Xenon, one of Earth’s rarest and most mysterious gases, has left scientists puzzled for decades. They’ve long thought that the Earth’s atmosphere should contain more of the noble gas, but new research has shown that it might be here after all—it’s just hiding far away from us.
In an effort to solve what scientists often call “the missing Xe paradox” a team of international researchers examined the theory that xenon is tucked away deep inside our planet’s core. Previous findings have found that just like the other six noble gases—argon, helium, neon, krypton, radon and oganesson—xenon is unreactive, meaning it doesn’t mix well with other compounds or elements. However, under certain circumstances, it may actually react.
“When xenon is squashed by extreme pressures, its chemical properties are altered, allowing it to form compounds with other elements,” Sergey Lobanov, study co-author and researcher at the Institute for Mineral Physics at Stony Brook University, said in a statement.
Lobanov and his colleagues tested their theory by using advanced technology to mimic the condition of Earth’s core. They then successfully attempted to get xenon to react with the metals nickel and iron, both of which are abundant in Earth’s center. Under extremely high temperatures and pressure, the elements reacted, according to the findings published in the journal Physical Review Letters.
“Our study provides the first experimental evidence of previously theorized compounds of iron and xenon existing under the conditions found in the Earth's core,” Alexander Goncharov, study co-author and staff scientist at Carnegie Institution for Science, said in a statement.

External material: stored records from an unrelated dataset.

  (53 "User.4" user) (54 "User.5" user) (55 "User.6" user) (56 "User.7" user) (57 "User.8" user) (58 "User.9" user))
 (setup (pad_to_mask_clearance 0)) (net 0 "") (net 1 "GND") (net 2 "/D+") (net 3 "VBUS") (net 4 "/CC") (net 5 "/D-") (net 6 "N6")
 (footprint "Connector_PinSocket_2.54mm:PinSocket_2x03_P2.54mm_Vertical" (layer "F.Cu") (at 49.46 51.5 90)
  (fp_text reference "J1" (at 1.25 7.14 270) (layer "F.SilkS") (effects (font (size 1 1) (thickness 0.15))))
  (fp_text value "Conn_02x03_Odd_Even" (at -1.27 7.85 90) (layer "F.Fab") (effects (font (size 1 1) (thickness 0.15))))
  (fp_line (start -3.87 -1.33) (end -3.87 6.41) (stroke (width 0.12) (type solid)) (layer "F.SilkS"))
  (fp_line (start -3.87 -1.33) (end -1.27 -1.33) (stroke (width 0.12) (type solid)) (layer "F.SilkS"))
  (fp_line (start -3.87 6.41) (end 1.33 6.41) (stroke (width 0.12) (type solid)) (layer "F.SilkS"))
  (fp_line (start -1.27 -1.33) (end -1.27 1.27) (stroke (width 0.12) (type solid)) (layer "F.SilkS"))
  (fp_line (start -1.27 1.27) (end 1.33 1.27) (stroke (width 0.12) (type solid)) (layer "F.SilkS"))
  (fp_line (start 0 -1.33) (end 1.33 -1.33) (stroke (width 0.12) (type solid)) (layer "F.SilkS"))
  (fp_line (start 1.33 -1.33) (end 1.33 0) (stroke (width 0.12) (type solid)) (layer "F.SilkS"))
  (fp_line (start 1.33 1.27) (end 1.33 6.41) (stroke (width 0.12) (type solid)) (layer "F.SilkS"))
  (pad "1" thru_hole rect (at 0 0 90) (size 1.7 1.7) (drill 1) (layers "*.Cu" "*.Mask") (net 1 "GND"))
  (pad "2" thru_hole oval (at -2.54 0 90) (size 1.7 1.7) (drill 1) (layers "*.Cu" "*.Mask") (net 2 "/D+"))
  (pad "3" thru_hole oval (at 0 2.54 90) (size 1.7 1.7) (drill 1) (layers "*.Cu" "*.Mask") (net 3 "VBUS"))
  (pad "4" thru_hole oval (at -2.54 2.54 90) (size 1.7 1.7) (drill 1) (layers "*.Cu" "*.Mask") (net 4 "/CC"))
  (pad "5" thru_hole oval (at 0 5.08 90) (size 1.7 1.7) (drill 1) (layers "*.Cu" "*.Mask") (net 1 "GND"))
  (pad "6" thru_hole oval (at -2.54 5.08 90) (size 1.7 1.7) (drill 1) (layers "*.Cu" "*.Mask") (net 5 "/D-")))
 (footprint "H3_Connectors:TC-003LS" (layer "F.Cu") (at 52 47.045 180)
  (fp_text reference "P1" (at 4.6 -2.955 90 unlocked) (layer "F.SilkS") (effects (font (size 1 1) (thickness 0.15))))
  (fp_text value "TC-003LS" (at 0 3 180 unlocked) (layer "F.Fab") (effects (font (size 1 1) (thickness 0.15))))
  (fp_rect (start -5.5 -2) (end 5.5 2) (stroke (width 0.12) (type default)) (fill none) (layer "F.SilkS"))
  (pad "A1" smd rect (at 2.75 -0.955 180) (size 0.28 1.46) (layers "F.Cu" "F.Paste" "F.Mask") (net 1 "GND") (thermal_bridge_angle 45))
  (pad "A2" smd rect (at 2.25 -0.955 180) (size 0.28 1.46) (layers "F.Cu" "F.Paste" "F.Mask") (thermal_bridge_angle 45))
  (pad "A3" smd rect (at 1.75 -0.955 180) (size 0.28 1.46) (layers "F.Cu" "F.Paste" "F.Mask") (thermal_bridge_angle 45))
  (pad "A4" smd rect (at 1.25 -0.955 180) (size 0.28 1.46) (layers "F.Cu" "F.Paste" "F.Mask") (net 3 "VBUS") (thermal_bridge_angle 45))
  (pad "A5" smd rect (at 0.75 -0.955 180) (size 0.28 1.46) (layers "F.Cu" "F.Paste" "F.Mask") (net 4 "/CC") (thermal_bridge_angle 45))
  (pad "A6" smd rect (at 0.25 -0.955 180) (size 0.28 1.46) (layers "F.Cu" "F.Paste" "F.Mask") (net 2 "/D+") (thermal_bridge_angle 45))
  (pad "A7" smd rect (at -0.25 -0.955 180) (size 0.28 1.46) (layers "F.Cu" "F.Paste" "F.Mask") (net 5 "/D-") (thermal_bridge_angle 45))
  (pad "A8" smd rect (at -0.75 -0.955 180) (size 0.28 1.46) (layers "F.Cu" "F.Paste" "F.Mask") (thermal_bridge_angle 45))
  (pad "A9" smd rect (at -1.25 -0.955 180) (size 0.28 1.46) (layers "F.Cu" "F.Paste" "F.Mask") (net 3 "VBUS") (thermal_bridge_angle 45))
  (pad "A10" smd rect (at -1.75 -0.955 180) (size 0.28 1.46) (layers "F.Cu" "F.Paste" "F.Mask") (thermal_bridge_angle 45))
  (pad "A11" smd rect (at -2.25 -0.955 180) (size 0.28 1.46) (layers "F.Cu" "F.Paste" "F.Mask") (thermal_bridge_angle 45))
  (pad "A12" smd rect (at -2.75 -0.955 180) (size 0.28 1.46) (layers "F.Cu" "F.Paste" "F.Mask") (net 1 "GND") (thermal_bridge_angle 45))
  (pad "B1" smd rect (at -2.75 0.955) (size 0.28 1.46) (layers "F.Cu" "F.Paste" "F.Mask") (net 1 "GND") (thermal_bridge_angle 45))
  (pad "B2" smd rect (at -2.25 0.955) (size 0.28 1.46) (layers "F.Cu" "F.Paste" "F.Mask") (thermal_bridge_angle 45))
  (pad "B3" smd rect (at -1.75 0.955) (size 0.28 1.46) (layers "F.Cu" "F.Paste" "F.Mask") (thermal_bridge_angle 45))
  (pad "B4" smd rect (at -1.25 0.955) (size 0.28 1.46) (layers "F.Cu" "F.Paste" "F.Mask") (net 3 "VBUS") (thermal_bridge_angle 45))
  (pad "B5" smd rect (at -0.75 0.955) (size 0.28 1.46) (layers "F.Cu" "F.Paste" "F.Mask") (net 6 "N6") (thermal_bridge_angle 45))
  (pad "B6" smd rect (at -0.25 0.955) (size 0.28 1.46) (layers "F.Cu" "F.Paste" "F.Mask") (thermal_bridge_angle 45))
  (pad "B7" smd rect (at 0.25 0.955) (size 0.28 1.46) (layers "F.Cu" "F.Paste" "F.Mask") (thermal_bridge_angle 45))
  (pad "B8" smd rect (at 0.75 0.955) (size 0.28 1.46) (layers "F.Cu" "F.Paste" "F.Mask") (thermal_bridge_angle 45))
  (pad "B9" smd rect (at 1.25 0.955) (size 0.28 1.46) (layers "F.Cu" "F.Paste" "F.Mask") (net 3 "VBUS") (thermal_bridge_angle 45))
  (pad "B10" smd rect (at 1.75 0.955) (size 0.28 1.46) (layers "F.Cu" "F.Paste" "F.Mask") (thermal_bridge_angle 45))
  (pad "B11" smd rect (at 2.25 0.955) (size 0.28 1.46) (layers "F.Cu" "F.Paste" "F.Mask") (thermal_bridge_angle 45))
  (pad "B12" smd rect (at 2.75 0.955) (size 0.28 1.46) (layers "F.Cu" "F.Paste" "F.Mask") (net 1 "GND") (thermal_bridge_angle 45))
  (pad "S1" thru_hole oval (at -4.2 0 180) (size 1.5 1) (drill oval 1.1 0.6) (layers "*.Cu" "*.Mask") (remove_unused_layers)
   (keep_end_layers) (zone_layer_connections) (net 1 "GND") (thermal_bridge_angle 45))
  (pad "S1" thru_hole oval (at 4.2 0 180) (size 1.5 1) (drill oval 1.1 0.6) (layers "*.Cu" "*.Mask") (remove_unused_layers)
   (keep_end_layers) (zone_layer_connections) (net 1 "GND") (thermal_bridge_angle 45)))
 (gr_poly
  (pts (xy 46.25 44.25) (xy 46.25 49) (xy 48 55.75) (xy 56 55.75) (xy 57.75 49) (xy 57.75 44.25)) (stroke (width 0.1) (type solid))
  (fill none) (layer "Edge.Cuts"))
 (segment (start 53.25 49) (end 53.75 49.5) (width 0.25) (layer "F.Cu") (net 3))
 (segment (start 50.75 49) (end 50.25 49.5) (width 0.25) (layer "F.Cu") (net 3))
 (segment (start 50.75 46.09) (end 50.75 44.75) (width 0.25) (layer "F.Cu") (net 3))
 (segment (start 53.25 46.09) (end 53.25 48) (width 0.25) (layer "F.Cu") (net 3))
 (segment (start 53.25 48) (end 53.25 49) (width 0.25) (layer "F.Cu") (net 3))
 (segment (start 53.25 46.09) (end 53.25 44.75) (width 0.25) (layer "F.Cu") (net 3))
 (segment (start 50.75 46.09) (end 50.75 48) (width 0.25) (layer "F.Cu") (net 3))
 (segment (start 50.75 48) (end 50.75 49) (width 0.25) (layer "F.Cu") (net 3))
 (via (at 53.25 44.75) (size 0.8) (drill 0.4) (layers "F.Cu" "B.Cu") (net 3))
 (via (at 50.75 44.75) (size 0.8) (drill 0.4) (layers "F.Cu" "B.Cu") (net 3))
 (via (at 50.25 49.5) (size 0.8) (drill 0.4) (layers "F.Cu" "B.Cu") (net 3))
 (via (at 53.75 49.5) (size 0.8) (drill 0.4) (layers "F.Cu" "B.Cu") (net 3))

However, the same reaction likely wouldn’t have been seen billions of years ago when the Earth was forming, Goncharov explains. Rather, as the planet’s internal pressure and temperature increased over the years, new compounds were able to be made.
There are still many questions to be answered. The team is now investigating whether a two-part formation process played a role in trapping xenon when the Earth first formed and then once conditions were altered, later allowed xenon reactions to occur.
“There are many more systems and paradoxes to resolve,” Elissaios Stavrou, study co-author and Lawrence Livermore National Laboratory physicist, said in a statement. “We look forward to writing new chapters about extreme physicochemical phenomena.”